▸ THE TASK: Would you return every line of the listing below that has "placed" in it?
*** DATA TO USE ***
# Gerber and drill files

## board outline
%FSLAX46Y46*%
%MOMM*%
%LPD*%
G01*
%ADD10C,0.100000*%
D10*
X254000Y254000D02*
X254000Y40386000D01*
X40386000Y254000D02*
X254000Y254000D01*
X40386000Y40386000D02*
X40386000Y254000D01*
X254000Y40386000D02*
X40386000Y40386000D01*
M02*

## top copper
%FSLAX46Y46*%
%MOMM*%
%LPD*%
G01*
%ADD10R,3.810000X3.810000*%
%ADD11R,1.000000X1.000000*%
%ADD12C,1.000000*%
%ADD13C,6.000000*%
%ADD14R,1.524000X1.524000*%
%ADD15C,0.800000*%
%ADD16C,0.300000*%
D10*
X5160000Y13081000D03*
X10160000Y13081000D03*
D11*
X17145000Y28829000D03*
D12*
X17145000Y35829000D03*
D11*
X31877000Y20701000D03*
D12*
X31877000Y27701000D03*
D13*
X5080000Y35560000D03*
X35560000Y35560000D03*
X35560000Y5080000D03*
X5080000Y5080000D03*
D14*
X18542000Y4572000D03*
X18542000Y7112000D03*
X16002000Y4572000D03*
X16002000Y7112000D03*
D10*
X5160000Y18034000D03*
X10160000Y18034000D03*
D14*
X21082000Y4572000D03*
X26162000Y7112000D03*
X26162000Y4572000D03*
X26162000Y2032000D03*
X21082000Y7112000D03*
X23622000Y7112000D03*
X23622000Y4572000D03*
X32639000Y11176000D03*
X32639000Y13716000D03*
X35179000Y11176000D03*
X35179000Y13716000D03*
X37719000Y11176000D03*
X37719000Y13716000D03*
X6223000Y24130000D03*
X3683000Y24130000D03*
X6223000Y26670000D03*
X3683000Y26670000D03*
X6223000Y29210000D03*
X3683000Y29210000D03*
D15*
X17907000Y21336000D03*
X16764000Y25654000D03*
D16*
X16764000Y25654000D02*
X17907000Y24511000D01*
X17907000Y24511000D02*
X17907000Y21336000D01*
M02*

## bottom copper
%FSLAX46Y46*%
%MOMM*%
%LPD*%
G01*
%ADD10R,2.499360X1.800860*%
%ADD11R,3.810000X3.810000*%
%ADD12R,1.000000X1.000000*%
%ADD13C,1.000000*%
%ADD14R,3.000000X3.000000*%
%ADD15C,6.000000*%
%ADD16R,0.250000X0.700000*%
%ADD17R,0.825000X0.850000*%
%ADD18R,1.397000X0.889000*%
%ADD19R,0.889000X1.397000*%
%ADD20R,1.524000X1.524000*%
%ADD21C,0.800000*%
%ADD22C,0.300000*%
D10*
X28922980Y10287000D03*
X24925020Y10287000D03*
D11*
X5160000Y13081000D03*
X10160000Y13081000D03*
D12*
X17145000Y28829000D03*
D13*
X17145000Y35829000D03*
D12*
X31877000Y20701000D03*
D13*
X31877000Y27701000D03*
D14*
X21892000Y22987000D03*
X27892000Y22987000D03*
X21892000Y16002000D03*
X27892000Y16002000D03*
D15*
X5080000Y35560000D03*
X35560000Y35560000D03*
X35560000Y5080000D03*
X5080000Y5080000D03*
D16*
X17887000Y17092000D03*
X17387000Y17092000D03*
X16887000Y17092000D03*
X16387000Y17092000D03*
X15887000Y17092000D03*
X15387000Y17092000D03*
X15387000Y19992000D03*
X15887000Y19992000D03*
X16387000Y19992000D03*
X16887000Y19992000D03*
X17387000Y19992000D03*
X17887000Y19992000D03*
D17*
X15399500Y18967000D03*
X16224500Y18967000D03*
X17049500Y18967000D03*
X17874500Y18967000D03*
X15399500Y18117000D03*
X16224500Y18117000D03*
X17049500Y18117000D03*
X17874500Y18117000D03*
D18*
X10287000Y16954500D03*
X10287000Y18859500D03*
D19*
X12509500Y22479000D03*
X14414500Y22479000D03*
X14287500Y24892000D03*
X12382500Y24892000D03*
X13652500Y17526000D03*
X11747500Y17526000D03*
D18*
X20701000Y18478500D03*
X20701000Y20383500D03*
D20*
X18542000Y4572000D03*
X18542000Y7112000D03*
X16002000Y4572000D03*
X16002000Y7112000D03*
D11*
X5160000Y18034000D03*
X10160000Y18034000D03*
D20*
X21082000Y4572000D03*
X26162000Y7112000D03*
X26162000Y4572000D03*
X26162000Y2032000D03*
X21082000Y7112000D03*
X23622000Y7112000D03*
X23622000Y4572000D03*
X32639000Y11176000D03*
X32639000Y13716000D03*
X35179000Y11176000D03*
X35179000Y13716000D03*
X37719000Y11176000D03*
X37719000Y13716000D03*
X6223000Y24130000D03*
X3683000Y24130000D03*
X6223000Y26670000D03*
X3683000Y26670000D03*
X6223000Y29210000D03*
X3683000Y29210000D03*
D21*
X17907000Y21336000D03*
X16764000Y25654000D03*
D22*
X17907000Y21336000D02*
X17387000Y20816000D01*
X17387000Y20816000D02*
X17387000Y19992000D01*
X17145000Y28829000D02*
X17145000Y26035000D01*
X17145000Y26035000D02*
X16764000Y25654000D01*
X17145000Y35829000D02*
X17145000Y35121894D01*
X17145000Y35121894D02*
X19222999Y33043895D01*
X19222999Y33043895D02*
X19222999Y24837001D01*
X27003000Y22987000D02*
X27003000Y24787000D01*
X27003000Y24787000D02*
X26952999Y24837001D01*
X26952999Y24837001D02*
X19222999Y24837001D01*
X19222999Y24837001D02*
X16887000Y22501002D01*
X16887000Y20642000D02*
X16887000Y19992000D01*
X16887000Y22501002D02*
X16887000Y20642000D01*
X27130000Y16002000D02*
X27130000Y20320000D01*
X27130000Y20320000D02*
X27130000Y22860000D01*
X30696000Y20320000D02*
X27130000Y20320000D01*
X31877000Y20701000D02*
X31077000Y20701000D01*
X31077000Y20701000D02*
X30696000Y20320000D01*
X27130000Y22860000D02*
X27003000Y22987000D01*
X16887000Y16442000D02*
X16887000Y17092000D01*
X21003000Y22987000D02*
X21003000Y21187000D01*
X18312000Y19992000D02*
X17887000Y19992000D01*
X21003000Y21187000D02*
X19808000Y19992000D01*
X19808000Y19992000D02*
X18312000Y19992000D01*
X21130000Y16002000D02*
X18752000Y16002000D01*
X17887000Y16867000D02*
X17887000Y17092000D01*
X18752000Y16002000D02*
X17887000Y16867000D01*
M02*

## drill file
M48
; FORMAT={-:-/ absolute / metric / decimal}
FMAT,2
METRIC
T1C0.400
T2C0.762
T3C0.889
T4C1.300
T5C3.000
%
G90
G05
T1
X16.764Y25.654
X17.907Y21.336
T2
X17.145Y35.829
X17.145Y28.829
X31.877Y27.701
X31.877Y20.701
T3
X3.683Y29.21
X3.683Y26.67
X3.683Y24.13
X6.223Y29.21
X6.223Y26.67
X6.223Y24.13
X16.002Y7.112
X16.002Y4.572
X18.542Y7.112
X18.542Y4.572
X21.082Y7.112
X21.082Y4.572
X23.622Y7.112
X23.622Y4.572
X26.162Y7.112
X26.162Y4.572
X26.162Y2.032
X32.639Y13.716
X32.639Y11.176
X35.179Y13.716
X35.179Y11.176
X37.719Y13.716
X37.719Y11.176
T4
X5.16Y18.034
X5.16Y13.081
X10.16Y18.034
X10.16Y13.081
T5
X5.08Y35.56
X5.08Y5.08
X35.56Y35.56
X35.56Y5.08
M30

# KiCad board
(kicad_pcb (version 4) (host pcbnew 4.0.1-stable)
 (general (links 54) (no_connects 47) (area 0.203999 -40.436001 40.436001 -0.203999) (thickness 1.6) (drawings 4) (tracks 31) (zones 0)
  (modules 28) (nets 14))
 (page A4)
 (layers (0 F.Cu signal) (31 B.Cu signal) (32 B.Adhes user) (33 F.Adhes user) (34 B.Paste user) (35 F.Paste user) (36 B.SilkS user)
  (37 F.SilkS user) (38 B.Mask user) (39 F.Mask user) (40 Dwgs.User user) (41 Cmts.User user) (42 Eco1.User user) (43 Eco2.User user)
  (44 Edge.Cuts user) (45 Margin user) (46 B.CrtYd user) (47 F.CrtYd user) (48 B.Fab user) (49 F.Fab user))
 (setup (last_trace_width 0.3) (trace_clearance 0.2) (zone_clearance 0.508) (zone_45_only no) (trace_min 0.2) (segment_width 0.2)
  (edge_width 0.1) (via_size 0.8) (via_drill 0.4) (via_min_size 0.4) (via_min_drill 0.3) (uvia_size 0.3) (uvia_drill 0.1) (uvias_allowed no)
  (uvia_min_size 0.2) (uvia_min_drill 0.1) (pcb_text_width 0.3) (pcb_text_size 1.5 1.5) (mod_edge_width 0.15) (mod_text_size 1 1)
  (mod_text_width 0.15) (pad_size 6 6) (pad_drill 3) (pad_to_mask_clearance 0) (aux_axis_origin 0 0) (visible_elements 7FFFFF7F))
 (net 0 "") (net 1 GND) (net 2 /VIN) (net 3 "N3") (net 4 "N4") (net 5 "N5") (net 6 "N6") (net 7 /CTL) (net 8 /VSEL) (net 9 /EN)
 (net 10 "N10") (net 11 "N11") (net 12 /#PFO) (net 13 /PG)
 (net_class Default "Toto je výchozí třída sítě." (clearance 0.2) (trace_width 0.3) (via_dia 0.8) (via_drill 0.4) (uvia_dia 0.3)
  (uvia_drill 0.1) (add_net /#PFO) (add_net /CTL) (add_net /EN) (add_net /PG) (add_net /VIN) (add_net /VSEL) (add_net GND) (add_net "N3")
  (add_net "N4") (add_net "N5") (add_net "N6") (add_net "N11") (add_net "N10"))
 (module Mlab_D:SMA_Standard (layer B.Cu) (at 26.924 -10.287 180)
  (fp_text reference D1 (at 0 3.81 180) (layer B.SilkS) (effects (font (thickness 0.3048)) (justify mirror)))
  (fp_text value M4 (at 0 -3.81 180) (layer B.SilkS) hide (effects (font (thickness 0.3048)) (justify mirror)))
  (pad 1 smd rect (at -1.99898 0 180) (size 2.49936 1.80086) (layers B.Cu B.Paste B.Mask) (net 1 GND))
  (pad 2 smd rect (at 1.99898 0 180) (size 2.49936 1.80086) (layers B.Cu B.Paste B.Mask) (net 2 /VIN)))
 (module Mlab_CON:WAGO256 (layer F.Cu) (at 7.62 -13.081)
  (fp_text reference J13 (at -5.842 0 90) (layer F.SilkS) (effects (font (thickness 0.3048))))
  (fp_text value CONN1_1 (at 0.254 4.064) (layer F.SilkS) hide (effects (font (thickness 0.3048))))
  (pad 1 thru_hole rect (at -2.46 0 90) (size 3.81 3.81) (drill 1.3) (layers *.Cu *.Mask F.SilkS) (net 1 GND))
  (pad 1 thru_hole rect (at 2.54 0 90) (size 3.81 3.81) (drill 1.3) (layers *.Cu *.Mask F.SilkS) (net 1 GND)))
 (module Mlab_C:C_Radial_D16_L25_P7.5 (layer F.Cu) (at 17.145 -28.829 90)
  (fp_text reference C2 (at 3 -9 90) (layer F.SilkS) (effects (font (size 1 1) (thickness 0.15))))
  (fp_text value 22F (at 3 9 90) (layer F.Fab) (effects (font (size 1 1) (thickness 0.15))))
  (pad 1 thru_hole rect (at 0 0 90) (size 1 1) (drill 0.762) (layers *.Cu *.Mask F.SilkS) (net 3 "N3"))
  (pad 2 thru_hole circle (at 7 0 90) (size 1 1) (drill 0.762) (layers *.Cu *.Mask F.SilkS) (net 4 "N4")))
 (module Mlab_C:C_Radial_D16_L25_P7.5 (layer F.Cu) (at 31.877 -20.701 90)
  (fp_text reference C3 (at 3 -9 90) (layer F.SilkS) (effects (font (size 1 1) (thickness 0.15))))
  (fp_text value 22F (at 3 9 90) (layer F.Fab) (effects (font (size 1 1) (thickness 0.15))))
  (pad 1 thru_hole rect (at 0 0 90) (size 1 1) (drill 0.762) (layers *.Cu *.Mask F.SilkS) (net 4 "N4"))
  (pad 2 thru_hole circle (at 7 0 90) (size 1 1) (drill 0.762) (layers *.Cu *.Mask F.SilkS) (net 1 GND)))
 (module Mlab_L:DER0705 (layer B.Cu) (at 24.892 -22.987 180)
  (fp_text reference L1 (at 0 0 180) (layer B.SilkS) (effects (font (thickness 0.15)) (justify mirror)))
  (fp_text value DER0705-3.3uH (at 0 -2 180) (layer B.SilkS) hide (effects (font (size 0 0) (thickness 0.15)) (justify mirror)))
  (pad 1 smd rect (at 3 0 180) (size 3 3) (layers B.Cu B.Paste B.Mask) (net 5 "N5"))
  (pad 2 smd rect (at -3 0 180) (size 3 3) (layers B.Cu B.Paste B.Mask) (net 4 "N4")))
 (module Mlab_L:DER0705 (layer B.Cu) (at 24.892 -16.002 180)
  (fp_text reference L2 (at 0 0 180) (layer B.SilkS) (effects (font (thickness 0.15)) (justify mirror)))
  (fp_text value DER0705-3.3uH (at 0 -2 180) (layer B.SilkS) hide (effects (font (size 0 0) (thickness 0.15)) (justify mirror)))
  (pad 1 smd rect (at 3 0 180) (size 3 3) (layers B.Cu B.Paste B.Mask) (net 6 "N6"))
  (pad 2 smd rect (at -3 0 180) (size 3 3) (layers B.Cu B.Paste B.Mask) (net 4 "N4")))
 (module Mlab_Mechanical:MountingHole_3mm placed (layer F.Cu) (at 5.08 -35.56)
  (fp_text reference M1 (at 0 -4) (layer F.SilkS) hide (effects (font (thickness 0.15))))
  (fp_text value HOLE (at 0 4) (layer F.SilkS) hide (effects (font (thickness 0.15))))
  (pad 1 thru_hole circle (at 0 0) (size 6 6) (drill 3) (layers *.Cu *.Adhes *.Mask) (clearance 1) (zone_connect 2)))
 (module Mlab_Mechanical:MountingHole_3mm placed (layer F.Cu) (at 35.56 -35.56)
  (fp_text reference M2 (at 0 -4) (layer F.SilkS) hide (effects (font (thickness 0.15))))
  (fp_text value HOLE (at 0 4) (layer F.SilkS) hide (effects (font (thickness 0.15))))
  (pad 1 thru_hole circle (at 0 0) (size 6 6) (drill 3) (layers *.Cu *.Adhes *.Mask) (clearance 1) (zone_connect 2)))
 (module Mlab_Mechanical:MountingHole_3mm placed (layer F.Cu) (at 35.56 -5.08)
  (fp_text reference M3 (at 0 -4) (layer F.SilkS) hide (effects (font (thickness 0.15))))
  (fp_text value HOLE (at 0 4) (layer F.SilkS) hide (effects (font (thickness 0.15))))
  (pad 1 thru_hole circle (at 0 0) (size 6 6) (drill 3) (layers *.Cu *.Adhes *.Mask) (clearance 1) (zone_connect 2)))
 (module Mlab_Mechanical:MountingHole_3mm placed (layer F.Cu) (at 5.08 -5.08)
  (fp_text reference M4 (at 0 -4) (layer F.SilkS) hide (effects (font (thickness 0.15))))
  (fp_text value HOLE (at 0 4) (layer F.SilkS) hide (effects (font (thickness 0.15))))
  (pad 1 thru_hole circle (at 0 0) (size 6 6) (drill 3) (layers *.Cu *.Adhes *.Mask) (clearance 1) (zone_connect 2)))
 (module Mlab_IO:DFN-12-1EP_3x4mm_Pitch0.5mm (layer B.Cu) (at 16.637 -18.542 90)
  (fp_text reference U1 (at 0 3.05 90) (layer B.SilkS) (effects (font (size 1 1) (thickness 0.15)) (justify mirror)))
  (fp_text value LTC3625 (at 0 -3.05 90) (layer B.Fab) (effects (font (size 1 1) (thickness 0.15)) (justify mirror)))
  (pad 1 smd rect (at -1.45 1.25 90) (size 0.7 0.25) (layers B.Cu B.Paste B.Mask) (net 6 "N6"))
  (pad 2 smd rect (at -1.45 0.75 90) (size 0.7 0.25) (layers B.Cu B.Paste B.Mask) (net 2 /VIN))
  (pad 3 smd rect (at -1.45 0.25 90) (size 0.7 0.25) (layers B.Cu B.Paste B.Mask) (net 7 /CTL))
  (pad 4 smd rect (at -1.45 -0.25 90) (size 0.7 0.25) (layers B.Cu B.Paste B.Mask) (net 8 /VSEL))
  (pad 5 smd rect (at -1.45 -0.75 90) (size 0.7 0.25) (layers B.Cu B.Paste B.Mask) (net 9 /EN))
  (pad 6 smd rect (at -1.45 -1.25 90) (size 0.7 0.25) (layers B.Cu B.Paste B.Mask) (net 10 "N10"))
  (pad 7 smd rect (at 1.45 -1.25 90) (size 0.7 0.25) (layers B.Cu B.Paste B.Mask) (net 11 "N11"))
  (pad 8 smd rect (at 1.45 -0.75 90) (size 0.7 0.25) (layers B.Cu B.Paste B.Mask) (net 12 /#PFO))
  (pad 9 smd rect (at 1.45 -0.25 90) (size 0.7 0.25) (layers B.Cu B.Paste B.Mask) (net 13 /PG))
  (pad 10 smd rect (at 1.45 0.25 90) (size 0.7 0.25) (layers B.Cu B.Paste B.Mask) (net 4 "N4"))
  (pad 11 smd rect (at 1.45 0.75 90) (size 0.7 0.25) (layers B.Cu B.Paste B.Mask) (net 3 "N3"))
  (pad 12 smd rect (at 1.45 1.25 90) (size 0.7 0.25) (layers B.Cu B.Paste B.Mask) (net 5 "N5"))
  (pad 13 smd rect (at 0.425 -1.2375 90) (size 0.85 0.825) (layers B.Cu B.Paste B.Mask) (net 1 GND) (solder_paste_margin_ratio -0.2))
*** End of DATA TO USE ***
*** DATA TO USE ***
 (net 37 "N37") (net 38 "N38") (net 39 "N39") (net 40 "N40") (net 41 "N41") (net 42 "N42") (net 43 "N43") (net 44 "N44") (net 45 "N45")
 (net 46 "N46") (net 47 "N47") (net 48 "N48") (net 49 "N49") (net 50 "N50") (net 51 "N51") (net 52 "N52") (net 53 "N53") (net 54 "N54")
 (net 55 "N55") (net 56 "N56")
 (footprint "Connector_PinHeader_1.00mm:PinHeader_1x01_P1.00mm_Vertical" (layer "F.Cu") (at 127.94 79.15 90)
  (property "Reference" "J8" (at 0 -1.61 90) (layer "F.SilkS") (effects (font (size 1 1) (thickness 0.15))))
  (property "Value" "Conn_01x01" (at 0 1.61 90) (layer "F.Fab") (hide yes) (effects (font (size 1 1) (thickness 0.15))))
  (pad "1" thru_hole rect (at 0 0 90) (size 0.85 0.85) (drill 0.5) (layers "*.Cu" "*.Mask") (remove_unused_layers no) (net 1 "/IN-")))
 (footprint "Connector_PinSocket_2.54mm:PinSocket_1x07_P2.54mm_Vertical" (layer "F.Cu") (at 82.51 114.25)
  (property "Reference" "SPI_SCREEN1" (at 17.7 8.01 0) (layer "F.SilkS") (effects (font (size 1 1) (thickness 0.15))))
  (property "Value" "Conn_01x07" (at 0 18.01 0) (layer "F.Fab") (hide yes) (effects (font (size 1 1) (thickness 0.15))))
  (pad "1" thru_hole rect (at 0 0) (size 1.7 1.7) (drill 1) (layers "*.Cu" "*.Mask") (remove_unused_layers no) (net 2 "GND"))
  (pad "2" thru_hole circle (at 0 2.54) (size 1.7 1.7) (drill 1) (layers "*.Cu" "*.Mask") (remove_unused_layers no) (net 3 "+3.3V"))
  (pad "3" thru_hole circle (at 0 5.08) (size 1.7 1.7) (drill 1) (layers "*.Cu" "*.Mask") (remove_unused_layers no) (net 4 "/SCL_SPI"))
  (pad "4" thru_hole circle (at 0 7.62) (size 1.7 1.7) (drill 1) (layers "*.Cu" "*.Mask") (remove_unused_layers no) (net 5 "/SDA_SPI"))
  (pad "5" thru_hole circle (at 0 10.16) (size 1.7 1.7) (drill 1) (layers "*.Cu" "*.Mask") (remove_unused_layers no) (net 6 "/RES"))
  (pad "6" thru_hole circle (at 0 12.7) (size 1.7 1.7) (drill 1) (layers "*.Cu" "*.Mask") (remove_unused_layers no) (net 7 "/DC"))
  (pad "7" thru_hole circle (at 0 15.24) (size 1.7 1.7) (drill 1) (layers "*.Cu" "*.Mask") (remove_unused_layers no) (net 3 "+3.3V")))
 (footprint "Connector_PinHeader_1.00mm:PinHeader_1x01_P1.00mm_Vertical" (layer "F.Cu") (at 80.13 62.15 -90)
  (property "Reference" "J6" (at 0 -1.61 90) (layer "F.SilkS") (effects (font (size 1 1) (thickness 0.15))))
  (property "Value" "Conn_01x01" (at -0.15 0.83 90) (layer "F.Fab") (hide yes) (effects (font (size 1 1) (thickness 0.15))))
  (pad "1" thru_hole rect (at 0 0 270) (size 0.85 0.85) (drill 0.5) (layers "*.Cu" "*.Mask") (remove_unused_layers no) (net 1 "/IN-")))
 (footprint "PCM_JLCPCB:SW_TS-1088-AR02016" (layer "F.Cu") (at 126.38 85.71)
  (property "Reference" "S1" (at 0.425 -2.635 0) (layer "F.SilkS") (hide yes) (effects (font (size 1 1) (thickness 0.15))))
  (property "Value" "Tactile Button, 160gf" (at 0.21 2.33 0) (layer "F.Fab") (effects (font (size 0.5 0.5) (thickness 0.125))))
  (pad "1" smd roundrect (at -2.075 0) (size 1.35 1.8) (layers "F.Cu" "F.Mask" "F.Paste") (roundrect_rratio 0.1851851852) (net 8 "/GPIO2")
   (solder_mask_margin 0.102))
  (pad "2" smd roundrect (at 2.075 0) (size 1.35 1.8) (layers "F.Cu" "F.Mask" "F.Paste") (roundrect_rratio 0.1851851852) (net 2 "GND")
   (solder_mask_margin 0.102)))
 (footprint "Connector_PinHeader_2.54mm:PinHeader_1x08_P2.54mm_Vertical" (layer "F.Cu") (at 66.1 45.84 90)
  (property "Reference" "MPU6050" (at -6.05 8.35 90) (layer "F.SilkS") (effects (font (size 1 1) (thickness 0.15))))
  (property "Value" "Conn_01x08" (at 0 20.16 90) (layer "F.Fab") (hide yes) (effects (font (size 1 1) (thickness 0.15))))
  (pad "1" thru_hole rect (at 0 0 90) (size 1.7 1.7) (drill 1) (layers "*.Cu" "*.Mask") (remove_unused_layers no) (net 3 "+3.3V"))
*** End of DATA TO USE ***
▸ TASK ANSWER:
 (module Mlab_Mechanical:MountingHole_3mm placed (layer F.Cu) (at 5.08 -35.56)
 (module Mlab_Mechanical:MountingHole_3mm placed (layer F.Cu) (at 35.56 -35.56)
 (module Mlab_Mechanical:MountingHole_3mm placed (layer F.Cu) (at 35.56 -5.08)
 (module Mlab_Mechanical:MountingHole_3mm placed (layer F.Cu) (at 5.08 -5.08)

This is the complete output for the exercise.